WASHINGTON (AP) — Millions of Social Security recipients will get a 2.5% cost-of-living increase to their monthly checks beginning in January, the Social Security Administration announced Thursday.
The cost-of-living adjustment, or COLA, for retirees translates to an average increase of more than $50 for retirees every month, agency officials said.
About 72.5 million people, including retirees, disabled people and children, get Social Security benefit.
But even before the announcement, retirees voiced concern that the increase would not be enough to counter rising costs.
Sherri Myers, an 82-year-old retiree from Pensacola City, Florida, is now hoping to get an hourly job at Walmart to help make ends meet.
“I would like to eat good but I can’t. When I’m at the grocery store, I just walk past the vegetables because they are too expensive. I have to be very selective about what I eat — even McDonald’s is expensive,” she said.
Recipients received a 3.2% increase in their benefits in 2024, after a historically large 8.7% benefit increase in 2023, brought on by record 40-year-high inflation.
The smaller increase for 2025 reflects moderating inflation.

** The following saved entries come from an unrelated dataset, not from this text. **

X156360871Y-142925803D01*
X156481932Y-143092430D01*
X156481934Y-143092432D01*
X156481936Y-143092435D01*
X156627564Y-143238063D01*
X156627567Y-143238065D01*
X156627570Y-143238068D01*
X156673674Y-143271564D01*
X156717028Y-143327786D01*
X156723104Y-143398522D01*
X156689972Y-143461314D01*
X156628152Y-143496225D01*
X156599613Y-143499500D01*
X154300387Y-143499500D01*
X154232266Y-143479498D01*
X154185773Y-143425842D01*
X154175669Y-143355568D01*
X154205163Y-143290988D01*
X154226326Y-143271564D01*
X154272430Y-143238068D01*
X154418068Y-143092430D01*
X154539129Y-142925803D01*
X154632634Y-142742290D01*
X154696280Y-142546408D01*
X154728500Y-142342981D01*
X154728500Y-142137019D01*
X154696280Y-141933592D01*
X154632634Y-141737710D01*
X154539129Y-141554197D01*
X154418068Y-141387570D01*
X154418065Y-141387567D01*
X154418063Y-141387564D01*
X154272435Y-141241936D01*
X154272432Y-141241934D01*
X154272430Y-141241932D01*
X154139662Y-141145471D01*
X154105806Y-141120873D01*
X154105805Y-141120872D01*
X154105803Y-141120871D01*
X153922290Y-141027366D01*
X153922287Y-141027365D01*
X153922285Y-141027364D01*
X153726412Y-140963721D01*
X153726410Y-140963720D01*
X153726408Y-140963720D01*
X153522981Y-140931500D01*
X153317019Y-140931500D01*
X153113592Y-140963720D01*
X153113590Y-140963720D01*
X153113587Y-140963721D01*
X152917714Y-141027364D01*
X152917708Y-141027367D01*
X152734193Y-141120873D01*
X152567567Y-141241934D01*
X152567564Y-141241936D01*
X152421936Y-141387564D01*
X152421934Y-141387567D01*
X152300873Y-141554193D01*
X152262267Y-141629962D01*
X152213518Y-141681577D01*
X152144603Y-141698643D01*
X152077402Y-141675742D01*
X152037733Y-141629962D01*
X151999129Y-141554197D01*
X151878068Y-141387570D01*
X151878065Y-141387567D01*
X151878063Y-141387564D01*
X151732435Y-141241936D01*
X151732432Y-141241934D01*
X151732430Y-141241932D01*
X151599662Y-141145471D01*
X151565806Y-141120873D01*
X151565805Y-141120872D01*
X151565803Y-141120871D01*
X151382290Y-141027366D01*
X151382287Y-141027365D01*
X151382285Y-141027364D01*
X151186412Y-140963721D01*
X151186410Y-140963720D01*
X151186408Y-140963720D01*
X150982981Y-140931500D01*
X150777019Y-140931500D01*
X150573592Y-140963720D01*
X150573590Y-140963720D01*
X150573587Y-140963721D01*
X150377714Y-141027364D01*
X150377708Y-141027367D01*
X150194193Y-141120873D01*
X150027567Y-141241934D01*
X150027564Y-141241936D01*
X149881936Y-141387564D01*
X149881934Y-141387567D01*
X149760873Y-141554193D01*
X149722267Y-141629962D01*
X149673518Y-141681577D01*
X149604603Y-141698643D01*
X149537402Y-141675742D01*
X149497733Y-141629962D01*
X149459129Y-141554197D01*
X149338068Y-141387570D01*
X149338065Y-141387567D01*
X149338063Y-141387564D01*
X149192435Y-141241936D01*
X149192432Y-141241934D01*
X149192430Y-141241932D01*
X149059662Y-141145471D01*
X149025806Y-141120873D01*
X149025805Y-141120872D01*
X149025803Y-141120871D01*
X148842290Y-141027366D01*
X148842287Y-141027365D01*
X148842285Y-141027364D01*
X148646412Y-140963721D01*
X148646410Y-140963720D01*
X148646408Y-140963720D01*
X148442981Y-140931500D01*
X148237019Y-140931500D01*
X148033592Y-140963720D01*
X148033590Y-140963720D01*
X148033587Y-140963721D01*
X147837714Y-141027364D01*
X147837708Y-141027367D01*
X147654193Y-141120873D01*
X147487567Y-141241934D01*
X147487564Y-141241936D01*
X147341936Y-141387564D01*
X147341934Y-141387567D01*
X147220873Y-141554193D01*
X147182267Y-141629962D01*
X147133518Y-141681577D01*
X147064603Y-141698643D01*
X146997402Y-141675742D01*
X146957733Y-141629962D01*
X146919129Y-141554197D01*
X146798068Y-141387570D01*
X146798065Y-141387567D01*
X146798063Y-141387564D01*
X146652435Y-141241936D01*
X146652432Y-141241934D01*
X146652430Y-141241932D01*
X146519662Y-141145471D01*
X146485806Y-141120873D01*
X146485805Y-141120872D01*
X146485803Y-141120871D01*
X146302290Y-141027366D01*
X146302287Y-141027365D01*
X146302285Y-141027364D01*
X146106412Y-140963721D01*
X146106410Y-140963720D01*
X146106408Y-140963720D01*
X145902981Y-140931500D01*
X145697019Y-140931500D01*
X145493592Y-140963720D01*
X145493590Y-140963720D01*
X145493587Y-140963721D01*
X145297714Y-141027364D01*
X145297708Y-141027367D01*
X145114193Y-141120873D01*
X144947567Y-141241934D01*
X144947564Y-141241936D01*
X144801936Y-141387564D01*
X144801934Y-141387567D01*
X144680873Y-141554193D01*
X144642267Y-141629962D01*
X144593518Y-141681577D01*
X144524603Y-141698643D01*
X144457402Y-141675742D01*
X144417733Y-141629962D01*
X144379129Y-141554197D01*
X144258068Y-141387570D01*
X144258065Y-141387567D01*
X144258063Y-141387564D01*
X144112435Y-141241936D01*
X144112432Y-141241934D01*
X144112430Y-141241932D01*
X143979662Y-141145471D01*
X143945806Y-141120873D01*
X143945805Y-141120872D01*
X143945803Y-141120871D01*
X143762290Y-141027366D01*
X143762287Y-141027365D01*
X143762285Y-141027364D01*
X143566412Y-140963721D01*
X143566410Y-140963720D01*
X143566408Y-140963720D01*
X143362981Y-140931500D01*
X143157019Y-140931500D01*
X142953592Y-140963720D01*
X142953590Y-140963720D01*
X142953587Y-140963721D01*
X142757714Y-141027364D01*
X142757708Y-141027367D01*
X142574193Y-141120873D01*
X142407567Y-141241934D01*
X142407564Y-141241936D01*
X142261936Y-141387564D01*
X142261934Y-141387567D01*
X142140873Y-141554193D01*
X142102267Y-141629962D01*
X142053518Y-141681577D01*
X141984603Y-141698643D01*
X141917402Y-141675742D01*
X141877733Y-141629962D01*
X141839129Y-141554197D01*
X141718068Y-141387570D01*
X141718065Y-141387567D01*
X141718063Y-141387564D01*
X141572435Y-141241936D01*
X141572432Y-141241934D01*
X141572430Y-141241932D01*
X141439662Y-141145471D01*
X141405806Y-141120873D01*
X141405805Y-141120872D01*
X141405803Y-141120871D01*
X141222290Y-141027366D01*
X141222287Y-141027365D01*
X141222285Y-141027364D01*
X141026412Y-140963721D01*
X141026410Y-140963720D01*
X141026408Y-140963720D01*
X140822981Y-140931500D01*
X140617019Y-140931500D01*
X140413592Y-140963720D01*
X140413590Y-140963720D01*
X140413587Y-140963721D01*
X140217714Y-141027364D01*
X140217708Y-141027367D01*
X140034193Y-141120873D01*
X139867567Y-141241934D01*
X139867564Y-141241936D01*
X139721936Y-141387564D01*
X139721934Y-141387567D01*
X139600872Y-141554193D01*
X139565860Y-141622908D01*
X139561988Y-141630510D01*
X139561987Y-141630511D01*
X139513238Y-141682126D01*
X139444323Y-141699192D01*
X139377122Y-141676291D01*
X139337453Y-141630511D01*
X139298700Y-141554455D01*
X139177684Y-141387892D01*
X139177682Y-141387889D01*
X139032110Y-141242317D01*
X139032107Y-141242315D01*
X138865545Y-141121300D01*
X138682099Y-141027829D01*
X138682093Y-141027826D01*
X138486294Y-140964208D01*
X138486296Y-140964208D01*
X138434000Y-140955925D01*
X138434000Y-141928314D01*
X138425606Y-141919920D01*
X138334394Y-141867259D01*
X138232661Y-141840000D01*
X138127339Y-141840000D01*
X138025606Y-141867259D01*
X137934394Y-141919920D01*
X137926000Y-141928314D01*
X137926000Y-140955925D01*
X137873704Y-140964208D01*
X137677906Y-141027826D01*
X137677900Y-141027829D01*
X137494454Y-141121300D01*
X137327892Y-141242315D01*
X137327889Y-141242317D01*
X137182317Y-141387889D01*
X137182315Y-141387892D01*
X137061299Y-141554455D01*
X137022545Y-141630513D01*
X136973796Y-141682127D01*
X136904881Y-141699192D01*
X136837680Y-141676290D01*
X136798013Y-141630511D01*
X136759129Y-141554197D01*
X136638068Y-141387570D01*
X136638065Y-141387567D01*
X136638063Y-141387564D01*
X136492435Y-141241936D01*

Social Security Commissioner Martin O’Malley told The Associated Press that the upcoming increase will provide a measure of relief for recipients as inflation has cooled and the agency serves a record number of retirees while funding is at a historic low.
His message to those who feel that the adjustment is not enough: “They’re not wrong.”

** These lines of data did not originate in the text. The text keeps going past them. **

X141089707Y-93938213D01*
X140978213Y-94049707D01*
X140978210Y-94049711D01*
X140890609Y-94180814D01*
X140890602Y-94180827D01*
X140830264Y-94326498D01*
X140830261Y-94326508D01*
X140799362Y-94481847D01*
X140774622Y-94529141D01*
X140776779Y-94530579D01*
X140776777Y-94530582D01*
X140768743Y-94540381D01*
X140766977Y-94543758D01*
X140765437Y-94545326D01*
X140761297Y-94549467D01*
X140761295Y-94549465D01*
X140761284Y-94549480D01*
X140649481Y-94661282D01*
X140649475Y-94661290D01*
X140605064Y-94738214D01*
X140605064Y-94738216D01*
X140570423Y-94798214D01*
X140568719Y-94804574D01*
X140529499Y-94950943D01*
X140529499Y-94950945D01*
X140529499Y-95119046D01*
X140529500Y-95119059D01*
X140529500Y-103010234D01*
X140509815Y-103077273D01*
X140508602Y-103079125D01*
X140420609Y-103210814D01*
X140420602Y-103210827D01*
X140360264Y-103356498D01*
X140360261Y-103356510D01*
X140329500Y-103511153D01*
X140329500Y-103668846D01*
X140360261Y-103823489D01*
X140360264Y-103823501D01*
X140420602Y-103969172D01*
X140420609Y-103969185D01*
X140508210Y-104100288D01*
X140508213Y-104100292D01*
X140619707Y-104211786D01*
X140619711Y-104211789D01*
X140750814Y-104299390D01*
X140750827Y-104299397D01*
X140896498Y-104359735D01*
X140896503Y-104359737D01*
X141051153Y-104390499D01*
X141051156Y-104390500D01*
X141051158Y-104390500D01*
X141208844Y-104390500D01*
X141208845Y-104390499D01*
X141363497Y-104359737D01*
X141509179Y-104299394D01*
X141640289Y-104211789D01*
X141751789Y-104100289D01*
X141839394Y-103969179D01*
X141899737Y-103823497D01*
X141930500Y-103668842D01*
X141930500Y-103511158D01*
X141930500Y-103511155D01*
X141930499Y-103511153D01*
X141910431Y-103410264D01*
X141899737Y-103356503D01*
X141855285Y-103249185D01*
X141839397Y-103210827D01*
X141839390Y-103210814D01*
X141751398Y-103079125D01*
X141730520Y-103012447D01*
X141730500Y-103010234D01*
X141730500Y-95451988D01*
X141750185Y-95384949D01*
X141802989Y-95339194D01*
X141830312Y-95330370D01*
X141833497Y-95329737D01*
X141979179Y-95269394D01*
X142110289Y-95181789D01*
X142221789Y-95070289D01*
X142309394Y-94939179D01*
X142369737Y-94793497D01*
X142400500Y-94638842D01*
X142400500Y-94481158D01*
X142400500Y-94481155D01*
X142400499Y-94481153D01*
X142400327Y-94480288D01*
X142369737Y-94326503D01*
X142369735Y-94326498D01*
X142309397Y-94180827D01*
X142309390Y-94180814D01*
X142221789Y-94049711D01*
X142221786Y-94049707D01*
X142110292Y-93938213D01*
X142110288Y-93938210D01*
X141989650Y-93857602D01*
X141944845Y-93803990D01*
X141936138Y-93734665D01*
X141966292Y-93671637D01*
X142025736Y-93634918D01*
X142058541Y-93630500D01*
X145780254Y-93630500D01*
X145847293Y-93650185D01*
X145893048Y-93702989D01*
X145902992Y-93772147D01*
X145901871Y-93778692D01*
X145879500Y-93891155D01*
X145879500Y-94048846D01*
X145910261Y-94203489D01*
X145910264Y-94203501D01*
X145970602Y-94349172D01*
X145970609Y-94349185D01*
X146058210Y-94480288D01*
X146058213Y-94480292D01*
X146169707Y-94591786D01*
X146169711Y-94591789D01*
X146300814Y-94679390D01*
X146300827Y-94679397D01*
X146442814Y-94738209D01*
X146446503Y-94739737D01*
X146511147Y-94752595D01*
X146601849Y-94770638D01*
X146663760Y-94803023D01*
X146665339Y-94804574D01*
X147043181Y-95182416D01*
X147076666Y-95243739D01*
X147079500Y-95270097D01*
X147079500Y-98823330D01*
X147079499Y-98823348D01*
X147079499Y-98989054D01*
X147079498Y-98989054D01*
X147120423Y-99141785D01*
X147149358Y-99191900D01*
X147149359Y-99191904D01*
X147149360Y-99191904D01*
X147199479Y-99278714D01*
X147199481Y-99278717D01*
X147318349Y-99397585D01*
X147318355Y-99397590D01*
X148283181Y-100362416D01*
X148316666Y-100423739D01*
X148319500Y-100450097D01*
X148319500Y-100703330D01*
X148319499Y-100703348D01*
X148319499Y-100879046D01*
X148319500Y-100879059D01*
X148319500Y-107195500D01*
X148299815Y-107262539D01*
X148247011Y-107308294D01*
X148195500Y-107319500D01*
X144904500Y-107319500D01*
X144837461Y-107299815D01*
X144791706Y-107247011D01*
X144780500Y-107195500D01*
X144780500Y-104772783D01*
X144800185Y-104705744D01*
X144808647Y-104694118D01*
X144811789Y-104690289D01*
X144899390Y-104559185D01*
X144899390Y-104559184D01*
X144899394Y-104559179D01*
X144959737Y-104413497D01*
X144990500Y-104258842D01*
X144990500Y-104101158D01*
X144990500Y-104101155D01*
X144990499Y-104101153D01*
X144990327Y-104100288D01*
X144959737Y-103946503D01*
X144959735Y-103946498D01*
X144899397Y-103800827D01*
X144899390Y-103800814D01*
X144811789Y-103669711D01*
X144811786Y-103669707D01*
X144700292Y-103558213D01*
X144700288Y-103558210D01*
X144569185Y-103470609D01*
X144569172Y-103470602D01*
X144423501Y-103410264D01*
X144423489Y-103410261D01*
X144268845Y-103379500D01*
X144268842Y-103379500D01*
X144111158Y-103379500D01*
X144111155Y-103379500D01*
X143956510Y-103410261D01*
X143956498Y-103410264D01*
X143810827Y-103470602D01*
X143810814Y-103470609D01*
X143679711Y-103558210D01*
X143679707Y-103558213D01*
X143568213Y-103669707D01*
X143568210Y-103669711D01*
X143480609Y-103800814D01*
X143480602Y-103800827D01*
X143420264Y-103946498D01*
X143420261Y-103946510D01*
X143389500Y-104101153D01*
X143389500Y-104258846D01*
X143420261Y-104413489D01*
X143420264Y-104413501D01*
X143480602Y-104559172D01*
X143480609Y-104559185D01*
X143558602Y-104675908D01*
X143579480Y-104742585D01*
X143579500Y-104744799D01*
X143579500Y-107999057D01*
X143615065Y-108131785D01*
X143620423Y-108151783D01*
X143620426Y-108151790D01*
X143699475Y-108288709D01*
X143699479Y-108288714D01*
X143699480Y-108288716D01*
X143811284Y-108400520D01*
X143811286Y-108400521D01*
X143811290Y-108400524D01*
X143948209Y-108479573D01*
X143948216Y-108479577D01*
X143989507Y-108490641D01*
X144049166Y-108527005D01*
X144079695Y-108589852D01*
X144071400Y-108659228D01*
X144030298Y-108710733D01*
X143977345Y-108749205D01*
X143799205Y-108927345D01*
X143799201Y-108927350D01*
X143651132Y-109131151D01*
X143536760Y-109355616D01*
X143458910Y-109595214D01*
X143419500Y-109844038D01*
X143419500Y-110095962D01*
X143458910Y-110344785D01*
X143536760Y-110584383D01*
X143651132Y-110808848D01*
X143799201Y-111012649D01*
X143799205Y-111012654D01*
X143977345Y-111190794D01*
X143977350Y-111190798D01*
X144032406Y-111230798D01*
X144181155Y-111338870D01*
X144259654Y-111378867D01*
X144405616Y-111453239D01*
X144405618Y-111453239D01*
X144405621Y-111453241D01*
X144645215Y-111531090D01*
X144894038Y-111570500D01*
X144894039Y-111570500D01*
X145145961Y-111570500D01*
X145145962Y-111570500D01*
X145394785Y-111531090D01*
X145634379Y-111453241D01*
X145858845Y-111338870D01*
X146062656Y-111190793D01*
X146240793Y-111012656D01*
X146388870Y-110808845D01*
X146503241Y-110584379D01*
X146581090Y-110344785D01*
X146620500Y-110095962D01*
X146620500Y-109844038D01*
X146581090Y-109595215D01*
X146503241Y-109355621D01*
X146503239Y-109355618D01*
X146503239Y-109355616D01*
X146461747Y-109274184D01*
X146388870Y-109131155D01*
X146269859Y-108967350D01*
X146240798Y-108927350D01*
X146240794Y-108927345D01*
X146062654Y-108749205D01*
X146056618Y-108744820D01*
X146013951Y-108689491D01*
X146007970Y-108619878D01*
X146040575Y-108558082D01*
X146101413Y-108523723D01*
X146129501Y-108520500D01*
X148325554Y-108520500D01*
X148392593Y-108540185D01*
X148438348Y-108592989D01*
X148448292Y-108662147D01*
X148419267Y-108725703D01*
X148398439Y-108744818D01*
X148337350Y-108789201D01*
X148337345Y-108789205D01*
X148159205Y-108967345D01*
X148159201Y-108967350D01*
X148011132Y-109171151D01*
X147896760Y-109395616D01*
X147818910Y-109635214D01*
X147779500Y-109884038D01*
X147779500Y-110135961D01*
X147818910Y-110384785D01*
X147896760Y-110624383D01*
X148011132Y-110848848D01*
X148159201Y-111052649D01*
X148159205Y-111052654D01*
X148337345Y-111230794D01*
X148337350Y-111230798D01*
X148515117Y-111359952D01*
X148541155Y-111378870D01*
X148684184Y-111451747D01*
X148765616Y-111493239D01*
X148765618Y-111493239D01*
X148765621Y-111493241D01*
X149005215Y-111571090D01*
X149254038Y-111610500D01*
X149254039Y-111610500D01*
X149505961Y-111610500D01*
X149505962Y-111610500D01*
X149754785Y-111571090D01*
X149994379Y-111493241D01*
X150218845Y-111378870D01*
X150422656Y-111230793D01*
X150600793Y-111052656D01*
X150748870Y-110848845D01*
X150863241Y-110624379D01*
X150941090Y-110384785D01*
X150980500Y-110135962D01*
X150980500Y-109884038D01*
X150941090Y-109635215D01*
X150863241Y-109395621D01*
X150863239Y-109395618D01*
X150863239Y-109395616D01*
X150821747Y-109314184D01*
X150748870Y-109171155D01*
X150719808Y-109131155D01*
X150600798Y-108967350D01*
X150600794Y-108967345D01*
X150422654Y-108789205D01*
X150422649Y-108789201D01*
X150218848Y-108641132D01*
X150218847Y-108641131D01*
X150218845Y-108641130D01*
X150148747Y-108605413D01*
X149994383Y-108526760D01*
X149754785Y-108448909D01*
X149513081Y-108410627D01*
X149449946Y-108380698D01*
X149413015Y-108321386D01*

”I’ve heard the stories and it is a struggle for seniors," he said, adding that "in their older years, they have to spend their money on a different array of costs and expenses, including prescription drugs.”
The agency will begin notifying recipients about their new benefit amount by mail starting in early December. Adjusted payments to nearly 7.5 million people receiving Supplemental Security Income will begin on December 31.
The program is financed by payroll taxes collected from workers and their employers and that is slated to increase to $176,100. The maximum amount of earnings subject to Social Security payroll taxes was $168,600 for 2024, up from $160,200 in 2023.
The announcement comes as the national social insurance plan faces a severe financial shortfall in the coming years.
The annual Social Security and Medicare trustees report released in May said the program’s trust fund will be unable to pay full benefits beginning in 2035. If the trust fund is depleted, the government will be able to pay only 83% of scheduled benefits, the report said.